Dicen los que saben —y también los que pasamos por la escuela— que el patio era el peor lugar del día. Pero al menos sonaba la campanita y uno se iba a casa. Hoy la campanita no existe: hay un celular en la mochila que no avisa cuándo termina el tormento. Eso es lo que acaba de poner sobre la mesa la Sociedad Argentina de Pediatría con un documento que lleva la firma de ocho comités y subcomisiones, y que describe una realidad que cualquier padre o madre de un pibe en edad escolar empieza a intuir: el acoso ya no se corta en la puerta del colegio.
La agresión empieza en el aula o en el recreo, pero a la tarde sigue en un grupo de WhatsApp, a la noche escala en una red social y a la mañana siguiente vuelve al aula con el chico. La continuidad entre lo físico y lo digital es el corazón del informe, y lo que vuelve al cuadro mucho más grave que el bullying de hace dos décadas.
Un límite que se borró
“Antes, volver a casa podía ofrecer una pausa y un espacio de resguardo frente a estas situaciones de acoso. Con el acceso casi permanente al celular, ese límite se vuelve cada vez más difuso: los mensajes, las burlas o la exposición pueden llegar a cualquier hora y extender la situación más allá de la escuela, lo que amplifica su impacto y en consecuencia el daño.”Silvina Pedrouzo, pediatra especialista en Desarrollo Infantil y presidenta de la Subcomisión de Tecnologías de la Información y la Comunicación de la SAP
La SAP enumera un catálogo que da frío: mensajes de odio, burlas, acecho, votaciones para humillar, perfiles falsos, suplantación de identidad, difusión no consentida de información privada, exclusión de grupos y manipulación de fotos, videos o memes. A ese listado se suma un factor nuevo, y por eso el documento no se quedó en el año 2010: herramientas de inteligencia artificial que editan contenidos y los difunden a una velocidad y con un alcance que el aula nunca tuvo. Una vez que la foto sale, borrarla es casi una utopia.
Qué es bullying y qué no
El informe aclara algo clave para no entrar en pánico por cualquier pelea de chicos: no todo es bullying. El acoso escolar requiere tres condiciones juntas, no una sola. Si falta alguna, es otra cosa.

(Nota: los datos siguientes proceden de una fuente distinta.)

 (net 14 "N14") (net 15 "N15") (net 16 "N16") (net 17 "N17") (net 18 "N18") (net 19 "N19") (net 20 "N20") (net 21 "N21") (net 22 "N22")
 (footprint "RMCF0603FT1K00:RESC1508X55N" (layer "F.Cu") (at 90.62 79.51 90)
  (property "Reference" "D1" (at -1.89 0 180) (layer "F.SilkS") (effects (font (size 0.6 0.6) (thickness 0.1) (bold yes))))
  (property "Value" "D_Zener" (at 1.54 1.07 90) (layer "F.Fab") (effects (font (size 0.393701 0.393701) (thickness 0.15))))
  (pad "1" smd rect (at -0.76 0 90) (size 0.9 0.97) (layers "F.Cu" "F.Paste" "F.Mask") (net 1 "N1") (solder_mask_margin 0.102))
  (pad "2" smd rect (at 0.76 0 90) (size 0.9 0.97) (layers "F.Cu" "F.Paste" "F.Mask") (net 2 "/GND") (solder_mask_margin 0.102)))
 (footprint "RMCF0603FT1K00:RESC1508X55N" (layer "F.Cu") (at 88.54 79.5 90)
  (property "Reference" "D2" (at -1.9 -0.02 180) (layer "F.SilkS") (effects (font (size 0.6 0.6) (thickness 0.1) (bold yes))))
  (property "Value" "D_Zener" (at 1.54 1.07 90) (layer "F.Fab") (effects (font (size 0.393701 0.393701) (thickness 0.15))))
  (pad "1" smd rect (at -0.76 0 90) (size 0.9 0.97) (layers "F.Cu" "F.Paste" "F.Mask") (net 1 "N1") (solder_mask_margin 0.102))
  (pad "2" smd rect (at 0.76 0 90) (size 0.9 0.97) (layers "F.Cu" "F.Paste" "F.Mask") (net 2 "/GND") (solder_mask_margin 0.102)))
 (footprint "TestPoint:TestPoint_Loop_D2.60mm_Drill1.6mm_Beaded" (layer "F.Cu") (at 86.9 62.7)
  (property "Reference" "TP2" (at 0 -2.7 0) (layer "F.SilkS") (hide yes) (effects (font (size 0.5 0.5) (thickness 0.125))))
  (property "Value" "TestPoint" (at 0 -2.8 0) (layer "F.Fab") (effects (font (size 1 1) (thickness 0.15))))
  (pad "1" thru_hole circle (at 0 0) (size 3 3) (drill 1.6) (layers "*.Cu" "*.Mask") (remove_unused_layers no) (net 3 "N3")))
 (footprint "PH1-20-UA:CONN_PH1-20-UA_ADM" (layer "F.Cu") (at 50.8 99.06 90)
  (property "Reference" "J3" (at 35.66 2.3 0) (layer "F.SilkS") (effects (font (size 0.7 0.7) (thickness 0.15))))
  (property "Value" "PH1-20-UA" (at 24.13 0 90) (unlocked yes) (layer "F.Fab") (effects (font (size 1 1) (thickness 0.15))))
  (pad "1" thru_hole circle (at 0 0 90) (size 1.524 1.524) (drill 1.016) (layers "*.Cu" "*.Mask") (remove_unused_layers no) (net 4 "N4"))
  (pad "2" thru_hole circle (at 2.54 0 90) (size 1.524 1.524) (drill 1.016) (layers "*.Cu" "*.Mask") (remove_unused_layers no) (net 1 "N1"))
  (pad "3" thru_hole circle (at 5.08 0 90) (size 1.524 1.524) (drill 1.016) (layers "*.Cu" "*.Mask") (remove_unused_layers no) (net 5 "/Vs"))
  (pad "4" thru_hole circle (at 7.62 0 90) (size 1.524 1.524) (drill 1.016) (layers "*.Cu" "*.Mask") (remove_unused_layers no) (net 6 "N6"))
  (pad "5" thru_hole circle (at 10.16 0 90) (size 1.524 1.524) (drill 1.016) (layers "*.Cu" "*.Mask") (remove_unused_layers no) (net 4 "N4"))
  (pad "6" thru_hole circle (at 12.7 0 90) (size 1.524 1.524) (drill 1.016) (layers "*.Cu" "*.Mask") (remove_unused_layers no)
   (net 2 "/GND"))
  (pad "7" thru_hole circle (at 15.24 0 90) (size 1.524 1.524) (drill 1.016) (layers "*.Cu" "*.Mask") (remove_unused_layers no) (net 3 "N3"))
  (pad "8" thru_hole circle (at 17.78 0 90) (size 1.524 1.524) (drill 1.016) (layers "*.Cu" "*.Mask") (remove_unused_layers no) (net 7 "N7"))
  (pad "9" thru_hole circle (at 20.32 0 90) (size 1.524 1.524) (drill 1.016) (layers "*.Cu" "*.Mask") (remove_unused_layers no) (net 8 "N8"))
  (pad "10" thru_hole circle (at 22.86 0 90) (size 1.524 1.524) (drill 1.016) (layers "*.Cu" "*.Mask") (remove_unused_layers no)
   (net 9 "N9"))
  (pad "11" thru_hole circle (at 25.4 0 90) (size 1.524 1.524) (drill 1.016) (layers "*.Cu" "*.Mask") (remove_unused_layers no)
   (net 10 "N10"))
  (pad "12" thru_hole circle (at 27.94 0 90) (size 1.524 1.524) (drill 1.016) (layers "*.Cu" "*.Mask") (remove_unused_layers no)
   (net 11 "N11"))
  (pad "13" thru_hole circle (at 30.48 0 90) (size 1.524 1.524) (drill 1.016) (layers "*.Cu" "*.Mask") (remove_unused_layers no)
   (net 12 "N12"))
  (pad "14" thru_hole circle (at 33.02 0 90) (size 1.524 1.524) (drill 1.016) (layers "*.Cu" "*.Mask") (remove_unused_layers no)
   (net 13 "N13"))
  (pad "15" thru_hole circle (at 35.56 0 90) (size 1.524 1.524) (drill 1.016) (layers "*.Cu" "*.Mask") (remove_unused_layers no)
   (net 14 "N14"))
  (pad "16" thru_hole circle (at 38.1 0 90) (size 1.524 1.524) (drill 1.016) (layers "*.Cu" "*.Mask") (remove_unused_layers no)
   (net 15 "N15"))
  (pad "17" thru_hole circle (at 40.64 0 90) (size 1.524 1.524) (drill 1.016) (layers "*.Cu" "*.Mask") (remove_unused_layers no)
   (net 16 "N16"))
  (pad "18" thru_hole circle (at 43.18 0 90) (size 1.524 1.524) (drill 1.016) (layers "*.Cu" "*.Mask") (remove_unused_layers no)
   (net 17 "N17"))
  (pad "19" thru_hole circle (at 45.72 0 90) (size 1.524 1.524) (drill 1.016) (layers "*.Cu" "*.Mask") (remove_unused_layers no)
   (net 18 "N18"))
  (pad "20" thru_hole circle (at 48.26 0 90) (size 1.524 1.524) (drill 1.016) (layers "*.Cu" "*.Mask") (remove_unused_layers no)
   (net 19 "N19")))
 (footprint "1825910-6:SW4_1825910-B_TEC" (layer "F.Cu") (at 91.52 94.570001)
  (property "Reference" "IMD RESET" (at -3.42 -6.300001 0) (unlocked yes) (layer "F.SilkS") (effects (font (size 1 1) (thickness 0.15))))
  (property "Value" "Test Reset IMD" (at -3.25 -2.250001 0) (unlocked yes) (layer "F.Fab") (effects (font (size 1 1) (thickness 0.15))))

- Intención clara de causar daño.
- Repetición en el tiempo, no un hecho aislado.
- Desequilibrio de poder: quien sufre no puede defenderse ni cortar la situación por sus propios medios.
Puede ser físico, verbal o relacional, y la SAP insiste en un punto que a veces se pierde: el bullying es un fenómeno grupal. No es solo el agresor y la víctima. Están los que miran, los adultos, la familia y la escuela. Por eso la solución no puede caer sobre el chico acosado.

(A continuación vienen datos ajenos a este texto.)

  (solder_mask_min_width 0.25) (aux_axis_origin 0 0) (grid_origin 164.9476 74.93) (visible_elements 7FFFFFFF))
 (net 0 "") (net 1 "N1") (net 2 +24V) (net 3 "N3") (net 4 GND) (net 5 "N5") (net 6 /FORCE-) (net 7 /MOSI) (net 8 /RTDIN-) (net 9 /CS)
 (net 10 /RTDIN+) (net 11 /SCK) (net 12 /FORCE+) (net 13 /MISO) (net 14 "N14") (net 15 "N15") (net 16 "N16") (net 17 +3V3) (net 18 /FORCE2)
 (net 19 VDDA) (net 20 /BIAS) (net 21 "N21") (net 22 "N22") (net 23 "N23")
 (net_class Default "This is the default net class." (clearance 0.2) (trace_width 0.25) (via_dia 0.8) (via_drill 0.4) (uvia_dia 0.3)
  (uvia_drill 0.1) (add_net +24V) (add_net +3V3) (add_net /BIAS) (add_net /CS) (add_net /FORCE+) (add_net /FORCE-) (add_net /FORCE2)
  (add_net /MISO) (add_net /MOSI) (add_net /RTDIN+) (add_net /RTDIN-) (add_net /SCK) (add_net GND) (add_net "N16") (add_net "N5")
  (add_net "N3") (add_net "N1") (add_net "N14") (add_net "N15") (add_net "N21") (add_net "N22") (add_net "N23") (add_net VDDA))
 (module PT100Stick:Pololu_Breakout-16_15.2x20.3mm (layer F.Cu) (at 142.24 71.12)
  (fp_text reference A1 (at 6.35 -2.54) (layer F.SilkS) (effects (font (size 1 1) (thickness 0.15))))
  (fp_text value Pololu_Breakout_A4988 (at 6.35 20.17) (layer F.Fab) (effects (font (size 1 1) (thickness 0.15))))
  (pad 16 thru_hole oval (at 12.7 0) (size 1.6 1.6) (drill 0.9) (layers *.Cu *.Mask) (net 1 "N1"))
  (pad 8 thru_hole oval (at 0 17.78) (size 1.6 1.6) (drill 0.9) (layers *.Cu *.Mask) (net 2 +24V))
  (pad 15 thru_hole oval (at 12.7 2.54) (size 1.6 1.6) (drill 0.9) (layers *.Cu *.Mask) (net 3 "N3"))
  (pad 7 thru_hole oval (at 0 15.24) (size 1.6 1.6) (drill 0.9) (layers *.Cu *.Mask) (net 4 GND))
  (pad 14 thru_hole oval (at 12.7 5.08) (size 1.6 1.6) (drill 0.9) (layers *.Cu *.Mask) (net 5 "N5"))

Lo que les pasa en el cuerpo y en la cabeza
Las consecuencias que describe el documento no son menores: van de dolores físicos y alteraciones del sueño hasta ansiedad y depresión. Es decir, el acoso no se queda en un comentario feo: se mete con la salud. Por eso el llamado de la entidad apunta a tres frentes a la vez: familias, escuelas y equipos de salud, porque lo que antes podía resolverse en el patio hoy necesita a los tres parados en la misma vereda.
Como dijo Pedrouzo, lo que nunca hay que hacer es pedirle al pibe que está siendo hostigado que se las arregle solo. Y ahí, querido lector, empieza la tarea que de verdad importa: prestar atención, preguntar y no mirar para otro lado cuando el celular suena más de lo que debería.
La que viene, mientras tanto, vuelve a ser el recreo. Pero ahora también es el grupo de chat.